Drunken driver may get new trial in fatal crash Glaser guilty plea may be withdrawn

June 09, 1993|By Sheridan Lyons | Sheridan Lyons,Staff Writer

Baltimore County's long-running drunken-driving case against John Charles Glaser threatened to start anew yesterday when Glaser said he didn't like the three-year sentence he got for killing a Dundalk man in 1989.

Glaser, who has been up and down through the appeals process over the last four years, said he might withdraw his guilty plea if it would mean more time in jail.

That would mean another full trial for Glaser, who served 22 months in prison in connection with the case on a conviction that was ultimately overturned.

The 39-year-old Hamilton resident pleaded guilty April 20 to homicide by motor vehicle while intoxicated. It was his third trial on charges stemming from the death of Everett Lee Jones, who was killed in a head-on crash on June 30, 1989, when Glaser was driving the wrong way on the Baltimore Beltway.

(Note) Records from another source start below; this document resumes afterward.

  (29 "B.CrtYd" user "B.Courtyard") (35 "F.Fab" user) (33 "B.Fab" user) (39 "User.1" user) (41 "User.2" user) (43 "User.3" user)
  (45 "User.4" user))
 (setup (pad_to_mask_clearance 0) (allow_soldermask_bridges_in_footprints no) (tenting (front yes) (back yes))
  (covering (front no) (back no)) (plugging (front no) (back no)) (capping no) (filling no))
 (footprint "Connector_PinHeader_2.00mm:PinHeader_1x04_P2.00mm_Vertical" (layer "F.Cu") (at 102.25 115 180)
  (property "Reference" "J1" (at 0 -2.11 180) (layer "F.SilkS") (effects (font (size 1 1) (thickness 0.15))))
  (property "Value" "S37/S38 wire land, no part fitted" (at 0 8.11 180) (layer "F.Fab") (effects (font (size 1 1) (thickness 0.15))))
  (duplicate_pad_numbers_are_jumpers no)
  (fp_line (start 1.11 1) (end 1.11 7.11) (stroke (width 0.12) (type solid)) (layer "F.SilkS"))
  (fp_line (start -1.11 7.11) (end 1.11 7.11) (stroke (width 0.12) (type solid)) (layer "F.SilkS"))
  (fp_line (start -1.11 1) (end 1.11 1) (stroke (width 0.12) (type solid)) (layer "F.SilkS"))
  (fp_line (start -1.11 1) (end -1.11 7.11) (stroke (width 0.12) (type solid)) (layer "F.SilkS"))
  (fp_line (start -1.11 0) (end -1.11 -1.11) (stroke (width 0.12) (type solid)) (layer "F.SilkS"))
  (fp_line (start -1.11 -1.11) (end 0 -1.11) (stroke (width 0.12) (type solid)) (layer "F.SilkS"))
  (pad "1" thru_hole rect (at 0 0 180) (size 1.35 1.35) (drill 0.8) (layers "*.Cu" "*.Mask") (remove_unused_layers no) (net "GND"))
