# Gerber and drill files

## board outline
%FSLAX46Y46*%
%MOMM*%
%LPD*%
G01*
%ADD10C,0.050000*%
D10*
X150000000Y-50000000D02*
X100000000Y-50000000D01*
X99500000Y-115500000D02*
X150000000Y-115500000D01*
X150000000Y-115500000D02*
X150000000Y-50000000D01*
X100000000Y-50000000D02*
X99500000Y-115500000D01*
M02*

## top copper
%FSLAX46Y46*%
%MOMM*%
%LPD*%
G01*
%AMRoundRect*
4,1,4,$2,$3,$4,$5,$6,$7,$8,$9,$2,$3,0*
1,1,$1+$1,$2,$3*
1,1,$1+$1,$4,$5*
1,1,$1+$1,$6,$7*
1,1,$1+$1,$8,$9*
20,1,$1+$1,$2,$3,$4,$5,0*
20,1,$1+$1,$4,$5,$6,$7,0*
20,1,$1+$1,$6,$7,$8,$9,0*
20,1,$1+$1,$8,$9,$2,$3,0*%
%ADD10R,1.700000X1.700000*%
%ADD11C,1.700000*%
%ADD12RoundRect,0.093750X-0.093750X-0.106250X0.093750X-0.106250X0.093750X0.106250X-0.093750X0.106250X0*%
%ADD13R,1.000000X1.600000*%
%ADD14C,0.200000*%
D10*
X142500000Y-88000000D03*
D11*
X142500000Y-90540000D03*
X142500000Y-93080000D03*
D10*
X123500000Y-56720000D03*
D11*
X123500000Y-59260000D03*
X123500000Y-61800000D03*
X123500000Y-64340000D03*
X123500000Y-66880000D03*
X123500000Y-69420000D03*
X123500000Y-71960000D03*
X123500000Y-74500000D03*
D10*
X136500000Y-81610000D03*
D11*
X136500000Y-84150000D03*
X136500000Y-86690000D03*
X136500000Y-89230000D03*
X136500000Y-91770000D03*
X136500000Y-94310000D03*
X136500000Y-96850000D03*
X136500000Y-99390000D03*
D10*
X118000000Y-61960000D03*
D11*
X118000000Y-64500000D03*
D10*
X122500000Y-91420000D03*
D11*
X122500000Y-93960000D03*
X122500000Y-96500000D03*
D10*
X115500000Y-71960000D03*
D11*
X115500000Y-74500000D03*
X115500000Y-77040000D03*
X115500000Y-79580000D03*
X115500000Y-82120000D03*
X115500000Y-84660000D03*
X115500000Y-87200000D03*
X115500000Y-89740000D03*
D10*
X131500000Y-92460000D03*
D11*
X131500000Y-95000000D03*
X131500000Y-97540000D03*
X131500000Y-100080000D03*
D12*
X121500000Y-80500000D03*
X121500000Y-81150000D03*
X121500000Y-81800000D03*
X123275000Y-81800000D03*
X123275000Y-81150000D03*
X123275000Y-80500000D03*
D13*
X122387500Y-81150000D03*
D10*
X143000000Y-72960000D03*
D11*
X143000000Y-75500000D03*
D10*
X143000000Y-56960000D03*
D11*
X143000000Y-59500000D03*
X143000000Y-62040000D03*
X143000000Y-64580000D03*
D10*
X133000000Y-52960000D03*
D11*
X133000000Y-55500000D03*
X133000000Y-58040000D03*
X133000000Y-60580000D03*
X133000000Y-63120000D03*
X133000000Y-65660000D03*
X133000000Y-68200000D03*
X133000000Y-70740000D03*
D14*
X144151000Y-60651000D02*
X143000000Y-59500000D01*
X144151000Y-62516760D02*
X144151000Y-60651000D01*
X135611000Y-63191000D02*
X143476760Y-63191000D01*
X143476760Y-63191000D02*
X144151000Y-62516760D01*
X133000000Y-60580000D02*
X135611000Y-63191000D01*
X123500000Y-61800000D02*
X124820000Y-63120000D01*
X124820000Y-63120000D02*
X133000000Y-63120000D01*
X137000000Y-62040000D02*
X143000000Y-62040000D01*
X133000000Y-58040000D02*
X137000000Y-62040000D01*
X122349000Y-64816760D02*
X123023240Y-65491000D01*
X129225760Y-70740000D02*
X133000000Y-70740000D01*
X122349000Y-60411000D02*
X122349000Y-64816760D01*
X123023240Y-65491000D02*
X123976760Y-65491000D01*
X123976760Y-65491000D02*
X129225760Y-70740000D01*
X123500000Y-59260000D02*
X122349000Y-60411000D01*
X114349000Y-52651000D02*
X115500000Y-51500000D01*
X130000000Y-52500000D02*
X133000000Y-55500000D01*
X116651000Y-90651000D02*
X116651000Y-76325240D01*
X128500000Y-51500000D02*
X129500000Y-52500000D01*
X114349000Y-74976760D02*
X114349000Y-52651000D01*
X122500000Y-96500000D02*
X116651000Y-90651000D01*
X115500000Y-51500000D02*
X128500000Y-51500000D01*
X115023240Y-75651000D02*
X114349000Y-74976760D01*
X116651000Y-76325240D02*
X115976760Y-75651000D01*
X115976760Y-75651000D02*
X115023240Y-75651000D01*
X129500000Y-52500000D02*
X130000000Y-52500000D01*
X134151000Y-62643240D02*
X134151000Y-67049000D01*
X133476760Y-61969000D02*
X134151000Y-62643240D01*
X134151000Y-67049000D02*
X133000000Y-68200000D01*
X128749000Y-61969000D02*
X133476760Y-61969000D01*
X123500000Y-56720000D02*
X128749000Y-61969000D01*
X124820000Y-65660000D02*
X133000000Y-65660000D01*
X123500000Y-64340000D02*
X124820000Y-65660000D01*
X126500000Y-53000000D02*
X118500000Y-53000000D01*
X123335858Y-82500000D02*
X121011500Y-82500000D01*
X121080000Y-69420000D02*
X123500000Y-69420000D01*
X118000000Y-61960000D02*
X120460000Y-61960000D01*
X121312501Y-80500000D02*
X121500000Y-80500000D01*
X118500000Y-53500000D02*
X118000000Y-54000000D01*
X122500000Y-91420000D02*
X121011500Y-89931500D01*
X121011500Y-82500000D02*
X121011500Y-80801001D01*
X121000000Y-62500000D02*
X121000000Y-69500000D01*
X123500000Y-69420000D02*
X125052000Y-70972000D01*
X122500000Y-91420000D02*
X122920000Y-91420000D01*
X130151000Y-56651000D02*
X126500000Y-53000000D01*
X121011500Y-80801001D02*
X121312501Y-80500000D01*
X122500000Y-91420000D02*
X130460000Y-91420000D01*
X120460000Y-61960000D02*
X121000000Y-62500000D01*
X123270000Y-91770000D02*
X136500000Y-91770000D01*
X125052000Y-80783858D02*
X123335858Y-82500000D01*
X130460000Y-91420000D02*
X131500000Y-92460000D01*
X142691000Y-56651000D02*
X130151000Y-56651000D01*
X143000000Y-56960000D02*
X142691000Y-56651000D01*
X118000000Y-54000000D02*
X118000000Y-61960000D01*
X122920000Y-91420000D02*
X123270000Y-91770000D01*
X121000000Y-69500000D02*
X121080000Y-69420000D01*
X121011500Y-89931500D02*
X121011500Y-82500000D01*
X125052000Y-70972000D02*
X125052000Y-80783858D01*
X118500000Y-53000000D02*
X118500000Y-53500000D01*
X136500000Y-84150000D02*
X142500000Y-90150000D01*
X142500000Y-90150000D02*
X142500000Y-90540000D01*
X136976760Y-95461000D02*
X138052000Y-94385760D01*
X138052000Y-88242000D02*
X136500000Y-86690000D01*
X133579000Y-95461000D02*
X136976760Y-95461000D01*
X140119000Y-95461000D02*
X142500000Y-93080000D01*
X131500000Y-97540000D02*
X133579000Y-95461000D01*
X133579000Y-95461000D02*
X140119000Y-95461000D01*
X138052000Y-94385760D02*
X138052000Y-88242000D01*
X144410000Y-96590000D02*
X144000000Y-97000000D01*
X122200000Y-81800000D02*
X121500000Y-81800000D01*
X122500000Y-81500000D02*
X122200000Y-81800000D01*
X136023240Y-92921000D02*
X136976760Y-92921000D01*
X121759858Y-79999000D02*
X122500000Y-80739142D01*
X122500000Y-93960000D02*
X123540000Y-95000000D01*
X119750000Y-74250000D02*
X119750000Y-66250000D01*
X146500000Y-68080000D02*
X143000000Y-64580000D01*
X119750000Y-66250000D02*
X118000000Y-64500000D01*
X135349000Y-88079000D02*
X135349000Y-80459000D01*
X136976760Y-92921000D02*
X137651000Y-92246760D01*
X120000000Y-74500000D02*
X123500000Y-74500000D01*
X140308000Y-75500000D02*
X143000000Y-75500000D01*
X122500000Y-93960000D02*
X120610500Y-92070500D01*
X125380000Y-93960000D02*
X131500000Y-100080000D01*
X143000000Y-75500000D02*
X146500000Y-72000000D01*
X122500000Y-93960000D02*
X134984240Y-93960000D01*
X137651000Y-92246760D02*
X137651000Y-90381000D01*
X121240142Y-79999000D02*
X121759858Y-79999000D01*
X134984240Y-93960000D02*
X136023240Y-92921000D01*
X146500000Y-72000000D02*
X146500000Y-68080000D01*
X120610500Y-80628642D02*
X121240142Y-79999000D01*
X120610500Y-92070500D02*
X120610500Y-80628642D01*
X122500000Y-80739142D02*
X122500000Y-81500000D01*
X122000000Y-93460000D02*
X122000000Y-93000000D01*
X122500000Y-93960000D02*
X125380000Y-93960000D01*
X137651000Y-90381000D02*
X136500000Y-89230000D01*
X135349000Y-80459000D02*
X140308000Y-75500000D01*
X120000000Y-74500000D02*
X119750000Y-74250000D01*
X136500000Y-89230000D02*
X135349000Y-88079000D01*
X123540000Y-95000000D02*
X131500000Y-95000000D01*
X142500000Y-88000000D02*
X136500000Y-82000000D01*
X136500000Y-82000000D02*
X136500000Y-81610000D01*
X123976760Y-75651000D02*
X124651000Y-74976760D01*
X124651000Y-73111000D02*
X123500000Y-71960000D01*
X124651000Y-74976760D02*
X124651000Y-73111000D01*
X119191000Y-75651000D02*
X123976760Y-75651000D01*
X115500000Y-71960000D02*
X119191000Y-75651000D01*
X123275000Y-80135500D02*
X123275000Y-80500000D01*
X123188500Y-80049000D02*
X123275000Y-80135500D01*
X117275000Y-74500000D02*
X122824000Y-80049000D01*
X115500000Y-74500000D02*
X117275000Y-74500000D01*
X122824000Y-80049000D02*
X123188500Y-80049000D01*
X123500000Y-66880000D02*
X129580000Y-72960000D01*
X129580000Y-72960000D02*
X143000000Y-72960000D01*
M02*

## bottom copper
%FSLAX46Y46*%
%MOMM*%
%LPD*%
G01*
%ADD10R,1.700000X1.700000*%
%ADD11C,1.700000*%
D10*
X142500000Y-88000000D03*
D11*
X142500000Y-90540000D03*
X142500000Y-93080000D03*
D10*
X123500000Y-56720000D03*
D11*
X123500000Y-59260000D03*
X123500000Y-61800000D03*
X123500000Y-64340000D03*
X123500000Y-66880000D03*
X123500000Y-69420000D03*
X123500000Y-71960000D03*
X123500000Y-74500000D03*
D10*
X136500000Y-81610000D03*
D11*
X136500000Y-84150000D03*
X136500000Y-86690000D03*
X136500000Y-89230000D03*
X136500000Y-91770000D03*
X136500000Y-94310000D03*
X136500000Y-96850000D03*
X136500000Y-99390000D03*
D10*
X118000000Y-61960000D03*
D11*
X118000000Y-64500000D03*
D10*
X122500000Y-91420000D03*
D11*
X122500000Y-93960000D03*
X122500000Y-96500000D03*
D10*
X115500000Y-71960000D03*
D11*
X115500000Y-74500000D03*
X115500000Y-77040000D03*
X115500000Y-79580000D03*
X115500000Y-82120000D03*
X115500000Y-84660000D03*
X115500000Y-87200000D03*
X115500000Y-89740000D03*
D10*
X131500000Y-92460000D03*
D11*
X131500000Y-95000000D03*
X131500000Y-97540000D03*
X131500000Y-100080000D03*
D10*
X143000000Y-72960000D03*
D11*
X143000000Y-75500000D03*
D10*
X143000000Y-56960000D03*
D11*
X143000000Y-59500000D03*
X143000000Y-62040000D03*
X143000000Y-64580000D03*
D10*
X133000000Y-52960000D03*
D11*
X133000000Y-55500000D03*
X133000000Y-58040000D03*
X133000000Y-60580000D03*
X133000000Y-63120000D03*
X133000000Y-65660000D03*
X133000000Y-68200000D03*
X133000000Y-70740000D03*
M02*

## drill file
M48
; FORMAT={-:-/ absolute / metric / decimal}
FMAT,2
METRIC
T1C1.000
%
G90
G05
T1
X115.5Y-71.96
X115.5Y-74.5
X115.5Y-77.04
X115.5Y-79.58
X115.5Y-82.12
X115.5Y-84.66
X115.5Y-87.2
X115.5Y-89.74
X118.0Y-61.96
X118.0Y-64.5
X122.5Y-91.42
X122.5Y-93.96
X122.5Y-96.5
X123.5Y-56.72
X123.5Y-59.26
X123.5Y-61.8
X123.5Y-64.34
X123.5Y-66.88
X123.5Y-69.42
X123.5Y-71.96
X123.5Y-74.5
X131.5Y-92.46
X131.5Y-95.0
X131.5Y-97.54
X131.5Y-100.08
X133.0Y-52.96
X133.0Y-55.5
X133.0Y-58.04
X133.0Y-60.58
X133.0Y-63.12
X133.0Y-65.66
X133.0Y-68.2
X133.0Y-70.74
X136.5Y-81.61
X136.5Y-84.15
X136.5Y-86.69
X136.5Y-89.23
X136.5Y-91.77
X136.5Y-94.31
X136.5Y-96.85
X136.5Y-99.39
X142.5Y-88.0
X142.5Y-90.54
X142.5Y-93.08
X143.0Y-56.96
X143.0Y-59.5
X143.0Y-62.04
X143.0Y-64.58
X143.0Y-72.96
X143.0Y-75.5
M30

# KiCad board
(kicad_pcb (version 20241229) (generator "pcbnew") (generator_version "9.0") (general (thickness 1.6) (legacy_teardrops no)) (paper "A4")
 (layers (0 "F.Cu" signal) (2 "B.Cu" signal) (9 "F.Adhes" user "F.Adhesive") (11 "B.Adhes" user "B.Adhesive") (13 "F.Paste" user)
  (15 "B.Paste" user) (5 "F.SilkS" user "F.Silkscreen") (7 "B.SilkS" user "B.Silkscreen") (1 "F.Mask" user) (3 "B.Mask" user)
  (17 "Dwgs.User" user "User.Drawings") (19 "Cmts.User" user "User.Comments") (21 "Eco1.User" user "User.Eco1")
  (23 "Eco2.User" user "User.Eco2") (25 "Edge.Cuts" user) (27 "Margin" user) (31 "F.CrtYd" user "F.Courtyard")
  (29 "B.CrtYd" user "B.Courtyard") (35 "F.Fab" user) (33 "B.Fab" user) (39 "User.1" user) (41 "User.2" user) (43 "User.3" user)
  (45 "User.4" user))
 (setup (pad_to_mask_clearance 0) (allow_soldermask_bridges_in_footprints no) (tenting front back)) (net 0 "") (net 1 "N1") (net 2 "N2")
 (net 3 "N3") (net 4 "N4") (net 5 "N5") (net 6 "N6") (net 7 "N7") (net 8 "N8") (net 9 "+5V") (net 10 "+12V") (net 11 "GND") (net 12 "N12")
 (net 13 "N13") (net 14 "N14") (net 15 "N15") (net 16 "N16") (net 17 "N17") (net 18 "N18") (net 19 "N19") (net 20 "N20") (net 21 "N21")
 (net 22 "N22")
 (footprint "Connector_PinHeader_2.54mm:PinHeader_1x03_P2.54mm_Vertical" (layer "F.Cu") (at 142.5 88)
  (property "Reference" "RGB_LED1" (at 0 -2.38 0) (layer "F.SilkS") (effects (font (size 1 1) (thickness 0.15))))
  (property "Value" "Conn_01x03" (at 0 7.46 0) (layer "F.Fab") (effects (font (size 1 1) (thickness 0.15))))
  (pad "1" thru_hole rect (at 0 0) (size 1.7 1.7) (drill 1) (layers "*.Cu" "*.Mask") (remove_unused_layers no) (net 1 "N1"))
  (pad "2" thru_hole circle (at 0 2.54) (size 1.7 1.7) (drill 1) (layers "*.Cu" "*.Mask") (remove_unused_layers no) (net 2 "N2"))
  (pad "3" thru_hole circle (at 0 5.08) (size 1.7 1.7) (drill 1) (layers "*.Cu" "*.Mask") (remove_unused_layers no) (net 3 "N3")))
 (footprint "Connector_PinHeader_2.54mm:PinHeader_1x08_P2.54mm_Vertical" (layer "F.Cu") (at 123.5 56.72)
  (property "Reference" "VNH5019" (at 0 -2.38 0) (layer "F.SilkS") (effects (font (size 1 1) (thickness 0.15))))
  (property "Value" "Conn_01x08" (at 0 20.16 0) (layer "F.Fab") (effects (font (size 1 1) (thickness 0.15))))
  (pad "1" thru_hole rect (at 0 0) (size 1.7 1.7) (drill 1) (layers "*.Cu" "*.Mask") (remove_unused_layers no) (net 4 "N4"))
  (pad "2" thru_hole circle (at 0 2.54) (size 1.7 1.7) (drill 1) (layers "*.Cu" "*.Mask") (remove_unused_layers no) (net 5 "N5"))
  (pad "3" thru_hole circle (at 0 5.08) (size 1.7 1.7) (drill 1) (layers "*.Cu" "*.Mask") (remove_unused_layers no) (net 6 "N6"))
  (pad "4" thru_hole circle (at 0 7.62) (size 1.7 1.7) (drill 1) (layers "*.Cu" "*.Mask") (remove_unused_layers no) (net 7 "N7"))
  (pad "5" thru_hole circle (at 0 10.16) (size 1.7 1.7) (drill 1) (layers "*.Cu" "*.Mask") (remove_unused_layers no) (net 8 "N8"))
  (pad "6" thru_hole circle (at 0 12.7) (size 1.7 1.7) (drill 1) (layers "*.Cu" "*.Mask") (remove_unused_layers no) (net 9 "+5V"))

When he was arrested, Glaser had a blood alcohol level of 0.24, more than twice the state's 0.10 standard for intoxication.

Circuit Judge Joseph F. Murphy Jr. noted yesterday that even with the three-year sentence, Glaser could be free in a matter of months because of time already served.

It was Glaser's second alcohol-related fatality. In 1983, he served 10 weekends in the Anne Arundel County jail for a drunken-driving accident in which his employer died.

When Judge Murphy insisted upon the three-year sentence, Glaser and Assistant Public Defender A. Stewart Lyons reminded him of a promise that Glaser could withdraw the guilty plea if the judge imposed more than the two years recommended under state sentencing guidelines.

"I'm a little undecided what to do," Glaser told Judge Murphy, who said Glaser could file a motion to with draw the plea before surrendering to the sheriff on June 28.

But doing so could expose him to a longer sentence. As a condition of the guilty plea, Assistant State's Attorney John P. Cox dropped an automobile manslaughter charge with a five-year maximum sentence.

Glaser originally was convicted of manslaughter and sentenced to five years in prison. But because he had paid a $35 fine immediately after the crash for driving the wrong way on the Beltway, the Court of Special Appeals reversed the manslaughter conviction in May 1991.

The court said prosecutors erred in using the fine as proof of Glaser's guilt because it violated his constitutional protection against being prosecuted twice for the same crime.

When the case returned to Baltimore County Circuit Court in September 1991, Judge John Grason Turnbull II dismissed the most serious counts. Prosecutors appealed and won. When the case returned for the third time in April, Glaser pleaded guilty.

After yesterday's hearing, Mr. Jones' relatives were outraged at the judge's willingness to give Glaser 20 days to get his affairs in order.

"It seems like this case is never going to end. My son didn't have any extra time to take care of his family," Pearl Jones said bitterly.